STUDY MATERIAL ->
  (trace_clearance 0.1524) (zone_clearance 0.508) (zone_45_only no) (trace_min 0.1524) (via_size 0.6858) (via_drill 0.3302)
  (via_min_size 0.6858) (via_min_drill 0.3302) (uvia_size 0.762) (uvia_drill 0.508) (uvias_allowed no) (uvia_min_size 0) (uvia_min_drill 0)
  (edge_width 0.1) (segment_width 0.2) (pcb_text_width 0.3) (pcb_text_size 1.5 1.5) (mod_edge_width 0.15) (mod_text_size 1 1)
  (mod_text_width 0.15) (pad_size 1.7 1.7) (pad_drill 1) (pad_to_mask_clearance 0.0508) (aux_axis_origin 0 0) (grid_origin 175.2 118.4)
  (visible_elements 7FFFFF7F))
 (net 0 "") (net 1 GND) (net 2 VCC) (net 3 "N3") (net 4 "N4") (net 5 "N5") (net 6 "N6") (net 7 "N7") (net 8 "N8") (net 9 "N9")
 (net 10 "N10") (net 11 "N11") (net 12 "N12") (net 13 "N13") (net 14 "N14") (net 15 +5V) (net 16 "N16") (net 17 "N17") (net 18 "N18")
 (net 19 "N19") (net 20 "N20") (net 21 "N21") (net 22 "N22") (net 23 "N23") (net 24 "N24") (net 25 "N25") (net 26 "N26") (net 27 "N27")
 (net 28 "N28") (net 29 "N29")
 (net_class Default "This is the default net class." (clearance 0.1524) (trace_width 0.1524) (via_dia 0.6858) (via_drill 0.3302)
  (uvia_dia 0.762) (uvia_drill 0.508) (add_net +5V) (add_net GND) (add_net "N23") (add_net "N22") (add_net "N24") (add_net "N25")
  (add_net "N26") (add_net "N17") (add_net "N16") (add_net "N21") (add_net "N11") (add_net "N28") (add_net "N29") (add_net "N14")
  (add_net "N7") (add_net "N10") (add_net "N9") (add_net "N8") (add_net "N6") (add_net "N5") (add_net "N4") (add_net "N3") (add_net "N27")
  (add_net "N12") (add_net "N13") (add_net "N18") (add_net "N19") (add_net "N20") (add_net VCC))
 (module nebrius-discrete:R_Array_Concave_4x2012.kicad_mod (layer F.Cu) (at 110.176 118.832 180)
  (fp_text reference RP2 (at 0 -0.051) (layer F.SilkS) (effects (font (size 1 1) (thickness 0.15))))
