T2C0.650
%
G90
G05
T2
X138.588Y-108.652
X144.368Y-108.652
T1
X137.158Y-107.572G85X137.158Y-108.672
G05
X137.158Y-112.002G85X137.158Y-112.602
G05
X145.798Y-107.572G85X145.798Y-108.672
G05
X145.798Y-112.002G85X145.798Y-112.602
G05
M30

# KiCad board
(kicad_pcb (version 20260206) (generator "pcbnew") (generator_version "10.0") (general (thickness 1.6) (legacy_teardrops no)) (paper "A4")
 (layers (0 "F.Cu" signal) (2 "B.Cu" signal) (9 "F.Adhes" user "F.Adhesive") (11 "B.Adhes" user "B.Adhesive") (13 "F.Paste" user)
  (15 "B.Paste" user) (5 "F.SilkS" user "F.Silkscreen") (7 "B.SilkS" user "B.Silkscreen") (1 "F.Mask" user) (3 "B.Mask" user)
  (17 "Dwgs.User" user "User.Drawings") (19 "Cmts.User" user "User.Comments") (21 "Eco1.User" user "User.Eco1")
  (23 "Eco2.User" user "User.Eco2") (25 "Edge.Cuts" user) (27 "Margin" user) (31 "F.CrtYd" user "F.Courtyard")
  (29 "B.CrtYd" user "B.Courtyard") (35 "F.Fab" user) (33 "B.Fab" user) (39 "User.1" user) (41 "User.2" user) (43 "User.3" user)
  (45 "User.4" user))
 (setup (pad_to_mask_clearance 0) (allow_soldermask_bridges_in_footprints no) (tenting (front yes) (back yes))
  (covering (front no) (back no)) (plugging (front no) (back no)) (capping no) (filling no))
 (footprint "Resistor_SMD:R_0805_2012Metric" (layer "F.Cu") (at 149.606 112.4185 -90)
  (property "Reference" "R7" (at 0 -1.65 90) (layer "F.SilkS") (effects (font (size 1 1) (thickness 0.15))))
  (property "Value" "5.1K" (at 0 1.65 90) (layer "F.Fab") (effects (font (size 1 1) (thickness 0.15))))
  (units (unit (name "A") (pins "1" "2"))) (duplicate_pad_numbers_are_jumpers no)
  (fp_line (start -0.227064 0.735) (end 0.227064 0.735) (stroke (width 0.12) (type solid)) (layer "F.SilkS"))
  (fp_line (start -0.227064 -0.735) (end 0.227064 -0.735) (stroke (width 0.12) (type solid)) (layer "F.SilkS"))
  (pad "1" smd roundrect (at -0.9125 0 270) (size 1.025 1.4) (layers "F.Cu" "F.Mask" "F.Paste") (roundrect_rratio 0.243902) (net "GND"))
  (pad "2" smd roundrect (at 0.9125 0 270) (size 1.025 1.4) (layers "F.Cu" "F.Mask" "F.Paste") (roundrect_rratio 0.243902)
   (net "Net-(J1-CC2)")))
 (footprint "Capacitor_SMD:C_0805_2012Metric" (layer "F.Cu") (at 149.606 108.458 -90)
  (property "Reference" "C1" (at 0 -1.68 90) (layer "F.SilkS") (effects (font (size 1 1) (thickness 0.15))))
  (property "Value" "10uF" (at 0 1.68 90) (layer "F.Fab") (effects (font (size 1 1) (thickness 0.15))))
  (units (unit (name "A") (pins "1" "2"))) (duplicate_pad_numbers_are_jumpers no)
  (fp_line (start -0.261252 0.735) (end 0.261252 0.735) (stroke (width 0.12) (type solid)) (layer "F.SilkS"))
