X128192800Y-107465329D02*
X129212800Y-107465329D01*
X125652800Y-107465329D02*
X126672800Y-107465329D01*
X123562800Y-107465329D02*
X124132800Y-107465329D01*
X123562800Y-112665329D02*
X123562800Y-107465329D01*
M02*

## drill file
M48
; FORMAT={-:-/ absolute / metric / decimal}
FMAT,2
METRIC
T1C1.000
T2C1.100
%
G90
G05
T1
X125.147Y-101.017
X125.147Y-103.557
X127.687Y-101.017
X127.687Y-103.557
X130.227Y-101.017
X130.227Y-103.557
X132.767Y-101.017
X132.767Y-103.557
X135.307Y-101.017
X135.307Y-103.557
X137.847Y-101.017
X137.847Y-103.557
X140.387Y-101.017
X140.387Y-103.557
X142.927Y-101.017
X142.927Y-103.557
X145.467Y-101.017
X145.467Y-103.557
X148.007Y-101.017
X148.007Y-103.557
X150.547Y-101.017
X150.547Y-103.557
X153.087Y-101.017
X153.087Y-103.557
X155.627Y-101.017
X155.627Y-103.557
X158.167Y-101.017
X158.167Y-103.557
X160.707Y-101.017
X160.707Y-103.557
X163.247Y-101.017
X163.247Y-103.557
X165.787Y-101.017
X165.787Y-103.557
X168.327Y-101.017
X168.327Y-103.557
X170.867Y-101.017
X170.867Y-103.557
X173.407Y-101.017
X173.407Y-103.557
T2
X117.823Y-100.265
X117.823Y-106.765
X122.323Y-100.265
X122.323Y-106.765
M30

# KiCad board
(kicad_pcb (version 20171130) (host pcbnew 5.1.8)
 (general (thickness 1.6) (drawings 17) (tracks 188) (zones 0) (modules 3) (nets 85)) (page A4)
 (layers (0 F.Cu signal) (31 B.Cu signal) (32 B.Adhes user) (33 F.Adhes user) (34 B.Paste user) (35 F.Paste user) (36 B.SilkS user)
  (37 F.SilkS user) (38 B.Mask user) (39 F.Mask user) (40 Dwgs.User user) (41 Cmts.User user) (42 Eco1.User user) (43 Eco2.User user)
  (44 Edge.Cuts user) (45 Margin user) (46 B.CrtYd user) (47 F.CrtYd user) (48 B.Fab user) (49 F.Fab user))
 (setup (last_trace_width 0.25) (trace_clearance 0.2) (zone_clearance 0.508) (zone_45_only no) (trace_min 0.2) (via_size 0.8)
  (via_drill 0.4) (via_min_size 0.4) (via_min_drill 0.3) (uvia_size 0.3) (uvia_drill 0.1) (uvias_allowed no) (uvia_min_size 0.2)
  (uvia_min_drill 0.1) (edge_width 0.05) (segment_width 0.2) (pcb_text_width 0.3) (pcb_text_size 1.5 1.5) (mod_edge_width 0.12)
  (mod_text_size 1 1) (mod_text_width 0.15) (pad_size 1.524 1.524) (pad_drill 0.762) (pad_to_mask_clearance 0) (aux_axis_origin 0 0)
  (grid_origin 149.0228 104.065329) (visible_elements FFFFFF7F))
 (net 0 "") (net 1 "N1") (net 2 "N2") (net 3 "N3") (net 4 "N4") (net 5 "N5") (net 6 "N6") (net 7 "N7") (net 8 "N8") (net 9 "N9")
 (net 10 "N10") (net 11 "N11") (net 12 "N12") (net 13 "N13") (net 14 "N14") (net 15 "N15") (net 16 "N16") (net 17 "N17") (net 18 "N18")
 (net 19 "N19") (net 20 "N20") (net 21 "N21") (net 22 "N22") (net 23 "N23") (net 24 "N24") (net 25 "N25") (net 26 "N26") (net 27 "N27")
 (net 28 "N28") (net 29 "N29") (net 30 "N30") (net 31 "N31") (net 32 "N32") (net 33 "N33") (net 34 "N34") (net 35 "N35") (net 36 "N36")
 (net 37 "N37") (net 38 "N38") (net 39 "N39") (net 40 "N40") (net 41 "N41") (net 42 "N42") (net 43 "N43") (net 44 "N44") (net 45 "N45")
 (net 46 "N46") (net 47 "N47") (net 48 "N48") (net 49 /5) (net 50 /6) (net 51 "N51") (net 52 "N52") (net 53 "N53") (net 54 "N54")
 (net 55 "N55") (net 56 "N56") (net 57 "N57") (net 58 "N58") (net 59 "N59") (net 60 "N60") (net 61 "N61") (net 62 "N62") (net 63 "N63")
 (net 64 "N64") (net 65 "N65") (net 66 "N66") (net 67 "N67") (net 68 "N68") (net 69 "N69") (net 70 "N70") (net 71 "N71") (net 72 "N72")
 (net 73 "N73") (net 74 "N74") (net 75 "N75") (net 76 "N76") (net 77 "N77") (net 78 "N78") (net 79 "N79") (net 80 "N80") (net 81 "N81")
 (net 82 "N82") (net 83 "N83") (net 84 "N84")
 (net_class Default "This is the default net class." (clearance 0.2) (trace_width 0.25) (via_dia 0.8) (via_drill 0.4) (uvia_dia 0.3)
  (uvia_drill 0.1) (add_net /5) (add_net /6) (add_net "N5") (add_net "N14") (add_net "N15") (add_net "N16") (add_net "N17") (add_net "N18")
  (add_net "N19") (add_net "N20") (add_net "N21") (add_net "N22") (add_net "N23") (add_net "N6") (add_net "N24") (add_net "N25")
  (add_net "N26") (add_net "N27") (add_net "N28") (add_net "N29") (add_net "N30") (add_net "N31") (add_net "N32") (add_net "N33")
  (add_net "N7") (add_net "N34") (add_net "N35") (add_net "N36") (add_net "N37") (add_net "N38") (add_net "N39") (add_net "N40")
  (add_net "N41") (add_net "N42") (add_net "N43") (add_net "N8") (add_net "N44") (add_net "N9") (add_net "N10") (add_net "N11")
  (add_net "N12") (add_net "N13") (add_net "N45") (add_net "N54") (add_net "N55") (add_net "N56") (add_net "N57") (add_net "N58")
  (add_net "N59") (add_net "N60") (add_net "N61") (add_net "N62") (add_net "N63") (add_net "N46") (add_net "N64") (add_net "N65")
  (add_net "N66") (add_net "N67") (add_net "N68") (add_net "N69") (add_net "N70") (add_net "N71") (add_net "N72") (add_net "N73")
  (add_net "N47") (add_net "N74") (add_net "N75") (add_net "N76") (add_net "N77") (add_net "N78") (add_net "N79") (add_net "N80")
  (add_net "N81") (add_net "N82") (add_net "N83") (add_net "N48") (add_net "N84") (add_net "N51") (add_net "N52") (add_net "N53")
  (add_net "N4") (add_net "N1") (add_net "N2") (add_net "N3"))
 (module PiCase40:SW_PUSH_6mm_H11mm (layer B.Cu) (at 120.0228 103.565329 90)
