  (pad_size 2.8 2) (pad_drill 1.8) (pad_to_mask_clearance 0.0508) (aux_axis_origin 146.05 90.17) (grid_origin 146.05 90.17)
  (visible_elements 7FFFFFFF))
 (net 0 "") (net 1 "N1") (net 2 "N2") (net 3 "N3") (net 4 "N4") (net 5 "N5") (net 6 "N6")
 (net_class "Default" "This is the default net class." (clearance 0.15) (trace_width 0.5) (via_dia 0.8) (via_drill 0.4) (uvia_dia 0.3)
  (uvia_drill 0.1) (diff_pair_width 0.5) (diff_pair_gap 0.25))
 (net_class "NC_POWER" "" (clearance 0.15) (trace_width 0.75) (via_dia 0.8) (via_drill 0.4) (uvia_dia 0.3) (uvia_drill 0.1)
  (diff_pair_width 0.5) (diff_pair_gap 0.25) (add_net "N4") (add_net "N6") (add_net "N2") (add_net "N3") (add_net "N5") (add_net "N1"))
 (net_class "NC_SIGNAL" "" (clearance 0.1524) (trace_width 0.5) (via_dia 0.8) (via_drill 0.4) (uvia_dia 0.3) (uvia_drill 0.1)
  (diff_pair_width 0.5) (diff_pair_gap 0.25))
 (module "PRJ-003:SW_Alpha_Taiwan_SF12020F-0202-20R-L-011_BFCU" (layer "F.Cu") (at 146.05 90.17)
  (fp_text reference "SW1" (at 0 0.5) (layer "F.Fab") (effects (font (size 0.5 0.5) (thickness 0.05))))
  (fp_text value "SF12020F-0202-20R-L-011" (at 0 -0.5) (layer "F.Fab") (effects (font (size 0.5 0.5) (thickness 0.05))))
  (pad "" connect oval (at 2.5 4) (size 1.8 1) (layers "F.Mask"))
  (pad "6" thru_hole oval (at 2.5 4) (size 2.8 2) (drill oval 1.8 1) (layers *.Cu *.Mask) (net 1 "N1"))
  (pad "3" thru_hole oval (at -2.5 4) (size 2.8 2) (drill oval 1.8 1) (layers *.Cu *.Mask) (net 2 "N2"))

TASK TO COMPLETE -> In the entries above, find the line with "X128192800Y-107465329D02*" and the line with "X145.467Y-103.557", then restate word for word both of them and every line between, with nothing more.

ANSWER BELOW ->
X128192800Y-107465329D02*
X129212800Y-107465329D01*
X125652800Y-107465329D02*
X126672800Y-107465329D01*
X123562800Y-107465329D02*
X124132800Y-107465329D01*
X123562800Y-112665329D02*
X123562800Y-107465329D01*
M02*

## drill file
M48
; FORMAT={-:-/ absolute / metric / decimal}
FMAT,2
METRIC
T1C1.000
T2C1.100
%
G90
G05
T1
X125.147Y-101.017
X125.147Y-103.557
X127.687Y-101.017
X127.687Y-103.557
X130.227Y-101.017
X130.227Y-103.557
X132.767Y-101.017
X132.767Y-103.557
X135.307Y-101.017
X135.307Y-103.557
X137.847Y-101.017
X137.847Y-103.557
X140.387Y-101.017
X140.387Y-103.557
X142.927Y-101.017
X142.927Y-103.557
X145.467Y-101.017
X145.467Y-103.557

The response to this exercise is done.